The result of both parties’ spoliation: an adverse inference sanction was granted for defendant’s spoliation of the video and for plaintiff’s spoliation of the statements from the earlier email request. Plaintiff was also sanctioned for defendant’s costs for the original requests for production as well as re-deposing witnesses.
And so the lessons to be learned? Make sure you halt routine destruction of evidence. This cannot be emphasized enough. Additionally, if you are advising your clients on a suit, don’t let them create evidence that could impact the case. It should go without stating that you should not let your witnesses fabricate evidence either, but it never hurts to remind some attorneys.

A Rambus in the SEC?

In the world of e-discovery and spoliation, the Securities and Exchange Commission in some respects committed a Rambus-level spoliation violation.  We all know what happened in the Rambus cases – Rambus’s “shred days” were, to say it nicely, not looked upon favorably.  The company’s “shred days” policy resulted in severe sanctions effectively terminating some of the disputes it brought.  But, the SEC is not Rambus or a private company, and we are not in court.  Moreover, if the SEC did receive sanctions (or if it receives fines as a result of any justice department action), the costs of such sanctions would be paid for by the taxpayers.  That would only mean more costs for taxpayers adding to what has been a costly few years taxpayers.  Regardless, the repercussions of their destruction policies have also been paid for by taxpayers.

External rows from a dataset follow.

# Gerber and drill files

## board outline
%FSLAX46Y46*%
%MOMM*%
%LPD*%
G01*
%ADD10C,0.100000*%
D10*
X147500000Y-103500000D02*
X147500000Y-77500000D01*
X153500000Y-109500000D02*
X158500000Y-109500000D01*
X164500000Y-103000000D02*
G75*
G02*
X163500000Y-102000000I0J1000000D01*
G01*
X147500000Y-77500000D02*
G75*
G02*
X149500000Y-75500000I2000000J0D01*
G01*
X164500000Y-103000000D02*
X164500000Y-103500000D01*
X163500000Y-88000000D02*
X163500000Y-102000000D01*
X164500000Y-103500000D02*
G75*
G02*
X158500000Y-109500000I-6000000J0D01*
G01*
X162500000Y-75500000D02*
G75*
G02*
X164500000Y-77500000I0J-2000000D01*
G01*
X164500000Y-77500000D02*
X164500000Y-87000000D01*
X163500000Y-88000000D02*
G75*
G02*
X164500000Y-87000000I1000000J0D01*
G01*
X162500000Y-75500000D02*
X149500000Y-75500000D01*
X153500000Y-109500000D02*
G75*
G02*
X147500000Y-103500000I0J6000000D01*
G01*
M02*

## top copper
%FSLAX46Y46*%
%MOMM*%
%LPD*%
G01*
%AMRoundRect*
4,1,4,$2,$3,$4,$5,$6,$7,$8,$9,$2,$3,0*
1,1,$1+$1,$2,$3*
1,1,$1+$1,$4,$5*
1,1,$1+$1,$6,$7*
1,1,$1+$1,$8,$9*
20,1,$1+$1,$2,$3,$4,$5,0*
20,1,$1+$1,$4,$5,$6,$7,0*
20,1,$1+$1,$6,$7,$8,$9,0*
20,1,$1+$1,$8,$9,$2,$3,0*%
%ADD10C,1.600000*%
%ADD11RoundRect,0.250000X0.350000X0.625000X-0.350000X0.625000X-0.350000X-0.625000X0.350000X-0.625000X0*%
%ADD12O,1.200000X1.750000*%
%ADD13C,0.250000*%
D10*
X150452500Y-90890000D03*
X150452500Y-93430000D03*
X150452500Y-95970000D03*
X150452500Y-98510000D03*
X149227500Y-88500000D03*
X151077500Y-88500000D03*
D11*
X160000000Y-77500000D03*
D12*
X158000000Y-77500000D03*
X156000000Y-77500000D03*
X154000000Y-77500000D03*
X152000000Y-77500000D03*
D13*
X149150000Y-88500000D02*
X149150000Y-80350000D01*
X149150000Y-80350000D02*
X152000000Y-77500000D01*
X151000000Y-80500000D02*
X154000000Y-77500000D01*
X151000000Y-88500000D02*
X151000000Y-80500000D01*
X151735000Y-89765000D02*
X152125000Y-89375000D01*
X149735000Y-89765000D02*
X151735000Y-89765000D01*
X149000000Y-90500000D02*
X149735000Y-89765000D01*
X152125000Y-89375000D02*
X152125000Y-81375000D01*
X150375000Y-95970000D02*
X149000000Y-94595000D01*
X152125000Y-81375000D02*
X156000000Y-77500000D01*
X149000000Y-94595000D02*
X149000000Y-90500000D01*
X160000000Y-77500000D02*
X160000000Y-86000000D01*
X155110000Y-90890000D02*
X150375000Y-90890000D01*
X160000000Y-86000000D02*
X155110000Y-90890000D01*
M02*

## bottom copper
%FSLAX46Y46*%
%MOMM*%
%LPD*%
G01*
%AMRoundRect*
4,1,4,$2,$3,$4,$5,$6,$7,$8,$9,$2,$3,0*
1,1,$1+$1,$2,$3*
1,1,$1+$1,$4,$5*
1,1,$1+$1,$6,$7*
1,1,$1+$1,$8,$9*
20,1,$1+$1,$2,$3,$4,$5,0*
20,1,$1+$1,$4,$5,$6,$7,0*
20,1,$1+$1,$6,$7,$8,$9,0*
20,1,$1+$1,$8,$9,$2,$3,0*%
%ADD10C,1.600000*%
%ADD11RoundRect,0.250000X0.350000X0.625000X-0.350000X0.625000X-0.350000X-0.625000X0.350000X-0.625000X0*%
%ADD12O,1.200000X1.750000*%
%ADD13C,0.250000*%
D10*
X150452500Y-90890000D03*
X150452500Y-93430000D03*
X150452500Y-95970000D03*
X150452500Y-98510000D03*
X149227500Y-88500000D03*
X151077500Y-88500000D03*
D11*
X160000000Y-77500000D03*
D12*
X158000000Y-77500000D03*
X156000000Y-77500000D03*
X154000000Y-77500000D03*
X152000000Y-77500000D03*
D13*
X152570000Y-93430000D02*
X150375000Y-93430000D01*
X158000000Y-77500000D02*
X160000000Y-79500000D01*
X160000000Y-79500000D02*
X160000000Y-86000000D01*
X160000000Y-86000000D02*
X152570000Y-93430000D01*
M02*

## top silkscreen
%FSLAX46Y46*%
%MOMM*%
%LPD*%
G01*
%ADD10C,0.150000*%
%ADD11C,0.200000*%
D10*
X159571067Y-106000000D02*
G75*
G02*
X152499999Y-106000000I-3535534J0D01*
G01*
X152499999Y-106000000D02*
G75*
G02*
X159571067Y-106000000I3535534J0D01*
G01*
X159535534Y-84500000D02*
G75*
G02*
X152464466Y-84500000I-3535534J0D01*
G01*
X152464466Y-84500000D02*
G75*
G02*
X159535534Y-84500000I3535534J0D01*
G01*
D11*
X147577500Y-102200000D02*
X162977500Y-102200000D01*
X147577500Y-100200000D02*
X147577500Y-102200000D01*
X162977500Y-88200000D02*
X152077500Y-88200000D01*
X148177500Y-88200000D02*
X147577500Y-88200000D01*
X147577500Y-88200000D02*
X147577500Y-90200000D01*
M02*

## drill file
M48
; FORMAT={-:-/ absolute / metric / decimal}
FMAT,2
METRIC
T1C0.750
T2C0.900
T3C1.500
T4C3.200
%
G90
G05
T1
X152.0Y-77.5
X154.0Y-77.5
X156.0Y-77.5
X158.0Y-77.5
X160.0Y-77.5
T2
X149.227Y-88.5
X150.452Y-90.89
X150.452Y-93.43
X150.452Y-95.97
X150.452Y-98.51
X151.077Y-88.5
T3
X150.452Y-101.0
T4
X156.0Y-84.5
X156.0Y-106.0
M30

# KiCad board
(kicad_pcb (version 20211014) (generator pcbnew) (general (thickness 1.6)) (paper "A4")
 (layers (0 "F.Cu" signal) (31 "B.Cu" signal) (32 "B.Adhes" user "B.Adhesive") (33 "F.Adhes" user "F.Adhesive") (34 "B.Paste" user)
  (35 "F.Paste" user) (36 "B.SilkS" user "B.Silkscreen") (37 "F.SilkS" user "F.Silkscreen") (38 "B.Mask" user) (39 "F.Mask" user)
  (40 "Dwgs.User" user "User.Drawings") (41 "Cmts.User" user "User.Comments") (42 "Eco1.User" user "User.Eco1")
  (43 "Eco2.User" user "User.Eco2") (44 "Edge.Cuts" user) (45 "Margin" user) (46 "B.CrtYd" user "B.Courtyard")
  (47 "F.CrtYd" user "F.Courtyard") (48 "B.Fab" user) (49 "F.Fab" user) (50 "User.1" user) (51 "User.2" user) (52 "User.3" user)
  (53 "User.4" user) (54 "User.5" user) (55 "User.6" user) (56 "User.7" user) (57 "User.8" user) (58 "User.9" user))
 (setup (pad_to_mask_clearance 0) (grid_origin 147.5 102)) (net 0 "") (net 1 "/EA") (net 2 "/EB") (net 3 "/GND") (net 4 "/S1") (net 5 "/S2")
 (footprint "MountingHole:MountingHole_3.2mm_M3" (layer "F.Cu") (at 156 84.5)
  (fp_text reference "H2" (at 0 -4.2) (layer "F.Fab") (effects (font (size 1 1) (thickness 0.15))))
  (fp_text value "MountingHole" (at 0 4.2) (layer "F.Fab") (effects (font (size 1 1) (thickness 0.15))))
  (pad "" np_thru_hole circle (at 0 0) (size 3.2 3.2) (drill 3.2) (layers *.Cu *.Mask)))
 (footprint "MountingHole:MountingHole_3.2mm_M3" (layer "F.Cu") (at 156 106)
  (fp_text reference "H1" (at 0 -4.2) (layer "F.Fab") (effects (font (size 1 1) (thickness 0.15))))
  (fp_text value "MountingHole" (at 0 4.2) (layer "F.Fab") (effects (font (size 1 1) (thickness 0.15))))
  (pad "" np_thru_hole circle (at 0 0) (size 3.2 3.2) (drill 3.2) (layers *.Cu *.Mask)))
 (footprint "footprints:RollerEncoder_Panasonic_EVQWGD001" (layer "F.Cu") (at 156.0775 94.7)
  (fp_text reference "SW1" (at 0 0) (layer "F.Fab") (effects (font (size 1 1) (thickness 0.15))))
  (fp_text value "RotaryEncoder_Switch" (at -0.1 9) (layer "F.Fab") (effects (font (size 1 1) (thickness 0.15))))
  (fp_line (start -8.5 7.5) (end 6.9 7.5) (layer "F.SilkS") (width 0.2))
  (fp_line (start -8.5 5.5) (end -8.5 7.5) (layer "F.SilkS") (width 0.2))
  (fp_line (start 6.9 -6.5) (end -4 -6.5) (layer "F.SilkS") (width 0.2))
  (fp_line (start -7.9 -6.5) (end -8.5 -6.5) (layer "F.SilkS") (width 0.2))
  (fp_line (start -8.5 -6.5) (end -8.5 -4.5) (layer "F.SilkS") (width 0.2))
  (pad "" np_thru_hole circle (at -5.625 6.3) (size 1.5 1.5) (drill 1.5) (layers *.Cu *.Mask))
  (pad "A" thru_hole circle (at -5.625 -3.81) (size 1.6 1.6) (drill 0.9) (layers *.Cu *.Mask) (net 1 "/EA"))
  (pad "B" thru_hole circle (at -5.625 -1.27) (size 1.6 1.6) (drill 0.9) (layers *.Cu *.Mask) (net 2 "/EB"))
  (pad "C" thru_hole circle (at -5.625 1.27) (size 1.6 1.6) (drill 0.9) (layers *.Cu *.Mask) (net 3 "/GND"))
  (pad "NC" thru_hole circle (at -5.625 3.81) (size 1.6 1.6) (drill 0.9) (layers *.Cu *.Mask))
  (pad "S1" thru_hole circle (at -6.85 -6.2) (size 1.6 1.6) (drill 0.9) (layers *.Cu *.Mask) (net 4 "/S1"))
  (pad "S2" thru_hole circle (at -5 -6.2) (size 1.6 1.6) (drill 0.9) (layers *.Cu *.Mask) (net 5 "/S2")))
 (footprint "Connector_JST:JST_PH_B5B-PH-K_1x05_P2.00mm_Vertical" (layer "B.Cu") (at 160 77.5 180)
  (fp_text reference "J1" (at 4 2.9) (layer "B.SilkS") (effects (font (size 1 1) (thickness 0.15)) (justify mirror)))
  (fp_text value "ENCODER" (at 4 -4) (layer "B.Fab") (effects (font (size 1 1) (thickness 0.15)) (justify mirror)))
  (pad "1" thru_hole roundrect (at 0 0 180) (size 1.2 1.75) (drill 0.75) (layers *.Cu *.Mask) (roundrect_rratio 0.208333) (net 1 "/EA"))
  (pad "2" thru_hole oval (at 2 0 180) (size 1.2 1.75) (drill 0.75) (layers *.Cu *.Mask) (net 2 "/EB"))
  (pad "3" thru_hole oval (at 4 0 180) (size 1.2 1.75) (drill 0.75) (layers *.Cu *.Mask) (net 3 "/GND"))
  (pad "4" thru_hole oval (at 6 0 180) (size 1.2 1.75) (drill 0.75) (layers *.Cu *.Mask) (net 5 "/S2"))
  (pad "5" thru_hole oval (at 8 0 180) (size 1.2 1.75) (drill 0.75) (layers *.Cu *.Mask) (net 4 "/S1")))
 (gr_circle (center 156.035533 106) (end 159.535533 105.5) (layer "F.SilkS") (width 0.15) (fill none))
 (gr_circle (center 156 84.5) (end 159.5 84) (layer "F.SilkS") (width 0.15) (fill none))
 (gr_line (start 147.5 103.5) (end 147.5 77.5) (layer "Edge.Cuts") (width 0.1))
 (gr_line (start 153.5 109.5) (end 158.5 109.5) (layer "Edge.Cuts") (width 0.1))
 (gr_arc (start 164.5 103) (mid 163.792893 102.707107) (end 163.5 102) (layer "Edge.Cuts") (width 0.1))
 (gr_arc (start 147.5 77.5) (mid 148.085786 76.085786) (end 149.5 75.5) (layer "Edge.Cuts") (width 0.1))
 (gr_line (start 164.5 103) (end 164.5 103.5) (layer "Edge.Cuts") (width 0.1))
 (gr_line (start 163.5 88) (end 163.5 102) (layer "Edge.Cuts") (width 0.1))
 (gr_arc (start 164.5 103.5) (mid 162.742641 107.742641) (end 158.5 109.5) (layer "Edge.Cuts") (width 0.1))
 (gr_arc (start 162.5 75.5) (mid 163.914214 76.085786) (end 164.5 77.5) (layer "Edge.Cuts") (width 0.1))
 (gr_line (start 164.5 77.5) (end 164.5 87) (layer "Edge.Cuts") (width 0.1))
 (gr_arc (start 163.5 88) (mid 163.792893 87.292893) (end 164.5 87) (layer "Edge.Cuts") (width 0.1))
 (gr_line (start 162.5 75.5) (end 149.5 75.5) (layer "Edge.Cuts") (width 0.1))
 (gr_arc (start 153.5 109.5) (mid 149.257359 107.742641) (end 147.5 103.5) (layer "Edge.Cuts") (width 0.1))
 (segment (start 149.15 88.5) (end 149.15 80.35) (width 0.25) (layer "F.Cu") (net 4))
 (segment (start 149.15 80.35) (end 152 77.5) (width 0.25) (layer "F.Cu") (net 4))
 (segment (start 151 80.5) (end 154 77.5) (width 0.25) (layer "F.Cu") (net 5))
 (segment (start 151 88.5) (end 151 80.5) (width 0.25) (layer "F.Cu") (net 5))
 (segment (start 151.735 89.765) (end 152.125 89.375) (width 0.25) (layer "F.Cu") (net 3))
 (segment (start 149.735 89.765) (end 151.735 89.765) (width 0.25) (layer "F.Cu") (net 3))
 (segment (start 149 90.5) (end 149.735 89.765) (width 0.25) (layer "F.Cu") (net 3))
 (segment (start 152.125 89.375) (end 152.125 81.375) (width 0.25) (layer "F.Cu") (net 3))
 (segment (start 150.375 95.97) (end 149 94.595) (width 0.25) (layer "F.Cu") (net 3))
 (segment (start 152.125 81.375) (end 156 77.5) (width 0.25) (layer "F.Cu") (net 3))
 (segment (start 149 94.595) (end 149 90.5) (width 0.25) (layer "F.Cu") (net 3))
 (segment (start 160 77.5) (end 160 86) (width 0.25) (layer "F.Cu") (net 1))
 (segment (start 155.11 90.89) (end 150.375 90.89) (width 0.25) (layer "F.Cu") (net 1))
 (segment (start 160 86) (end 155.11 90.89) (width 0.25) (layer "F.Cu") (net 1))
 (segment (start 152.57 93.43) (end 150.375 93.43) (width 0.25) (layer "B.Cu") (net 2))
 (segment (start 158 77.5) (end 160 79.5) (width 0.25) (layer "B.Cu") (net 2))
 (segment (start 160 79.5) (end 160 86) (width 0.25) (layer "B.Cu") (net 2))
 (segment (start 160 86) (end 152.57 93.43) (width 0.25) (layer "B.Cu") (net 2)))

The story goes like this:  In early 2010, an SEC whistle-blower, Darcy Flynn, raised questions about the document retention policies of the SEC.  According to a New York Times article, the SEC had a policy in which it routinely destroyed documents for “matters under investigation” that had been closed.  These “matters under investigation” were in essence preliminary investigations that did not result in full investigations.  Apparently, the SEC policy was an internally posted policy that dated to at least the early 1990s and allowed documents for such closed matters to be destroyed.  At first glance, that doesn’t sound so bad.

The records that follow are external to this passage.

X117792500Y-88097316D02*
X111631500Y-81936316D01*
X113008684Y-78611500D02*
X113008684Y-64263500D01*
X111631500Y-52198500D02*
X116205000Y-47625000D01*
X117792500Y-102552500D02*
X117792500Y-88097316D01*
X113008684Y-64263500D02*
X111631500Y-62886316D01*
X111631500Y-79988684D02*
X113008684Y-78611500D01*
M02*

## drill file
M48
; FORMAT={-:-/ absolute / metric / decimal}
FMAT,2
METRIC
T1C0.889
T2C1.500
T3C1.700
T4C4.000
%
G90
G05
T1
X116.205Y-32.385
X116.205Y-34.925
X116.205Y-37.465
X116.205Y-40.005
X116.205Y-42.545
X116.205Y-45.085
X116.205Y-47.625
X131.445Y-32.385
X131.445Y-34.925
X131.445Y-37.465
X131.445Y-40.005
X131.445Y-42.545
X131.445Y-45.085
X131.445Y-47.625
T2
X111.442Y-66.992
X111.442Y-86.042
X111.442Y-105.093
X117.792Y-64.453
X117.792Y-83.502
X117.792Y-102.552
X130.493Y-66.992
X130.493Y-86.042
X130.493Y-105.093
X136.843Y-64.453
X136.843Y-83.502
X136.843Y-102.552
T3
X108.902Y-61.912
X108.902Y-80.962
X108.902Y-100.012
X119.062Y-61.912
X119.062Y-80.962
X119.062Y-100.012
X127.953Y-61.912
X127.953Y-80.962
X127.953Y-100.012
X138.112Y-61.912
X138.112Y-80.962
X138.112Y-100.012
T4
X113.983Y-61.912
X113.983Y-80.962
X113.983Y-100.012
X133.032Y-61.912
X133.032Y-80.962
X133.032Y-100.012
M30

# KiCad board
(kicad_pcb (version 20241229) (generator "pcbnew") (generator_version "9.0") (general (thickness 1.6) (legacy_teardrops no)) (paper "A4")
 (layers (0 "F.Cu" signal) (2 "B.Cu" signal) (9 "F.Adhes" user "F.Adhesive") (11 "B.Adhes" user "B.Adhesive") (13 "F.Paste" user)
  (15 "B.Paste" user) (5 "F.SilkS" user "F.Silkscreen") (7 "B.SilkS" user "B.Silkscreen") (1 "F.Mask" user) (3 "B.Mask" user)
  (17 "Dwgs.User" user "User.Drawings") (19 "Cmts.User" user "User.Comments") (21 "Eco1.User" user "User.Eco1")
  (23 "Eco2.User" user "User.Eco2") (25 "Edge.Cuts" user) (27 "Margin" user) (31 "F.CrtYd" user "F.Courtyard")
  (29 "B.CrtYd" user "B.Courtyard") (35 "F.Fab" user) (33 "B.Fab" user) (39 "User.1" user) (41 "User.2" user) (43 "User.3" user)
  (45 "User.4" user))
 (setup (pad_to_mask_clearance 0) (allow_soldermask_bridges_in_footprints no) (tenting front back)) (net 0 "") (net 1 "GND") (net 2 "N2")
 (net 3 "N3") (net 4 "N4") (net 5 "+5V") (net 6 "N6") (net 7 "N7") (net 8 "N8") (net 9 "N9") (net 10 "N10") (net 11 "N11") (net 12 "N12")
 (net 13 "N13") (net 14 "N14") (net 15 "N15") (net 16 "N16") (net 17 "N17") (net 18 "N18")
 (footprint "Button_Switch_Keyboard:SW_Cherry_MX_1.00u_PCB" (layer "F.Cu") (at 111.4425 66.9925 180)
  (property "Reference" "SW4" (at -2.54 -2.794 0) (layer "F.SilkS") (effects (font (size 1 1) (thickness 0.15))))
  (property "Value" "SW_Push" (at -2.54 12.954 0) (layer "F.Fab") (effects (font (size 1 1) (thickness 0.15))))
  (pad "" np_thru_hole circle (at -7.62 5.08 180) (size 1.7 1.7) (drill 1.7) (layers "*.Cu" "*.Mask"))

But, according to some, these closed “matters under investigation” involved many investigations of individuals who were involved in or were subsequently charged with SEC violations relating to the 2008 Wall Street collapse as well as economic crises from earlier times.  No one knows whether some of those destroyed documents may have contained evidence that could have aided subsequent investigations.  Destruction may have also wiped out evidence that showed SEC investigators providing favors to private-sector former colleagues or future employers.  If the SEC were a company, it would have faced serious spoliation charges.

The good news is that the SEC has amended its policy, hopefully in compliance with a deal it worked out with the National Archives and Records Administration requiring it to retain documents for 25 years.  Perhaps this new policy is more akin to one of the purposes of the SEC – to ensure Wall Street retains its records and to fine those who fail to do so.  They may be well-advised to look into better records management solutions that allow for appropriate retention, storage and disposition of documents.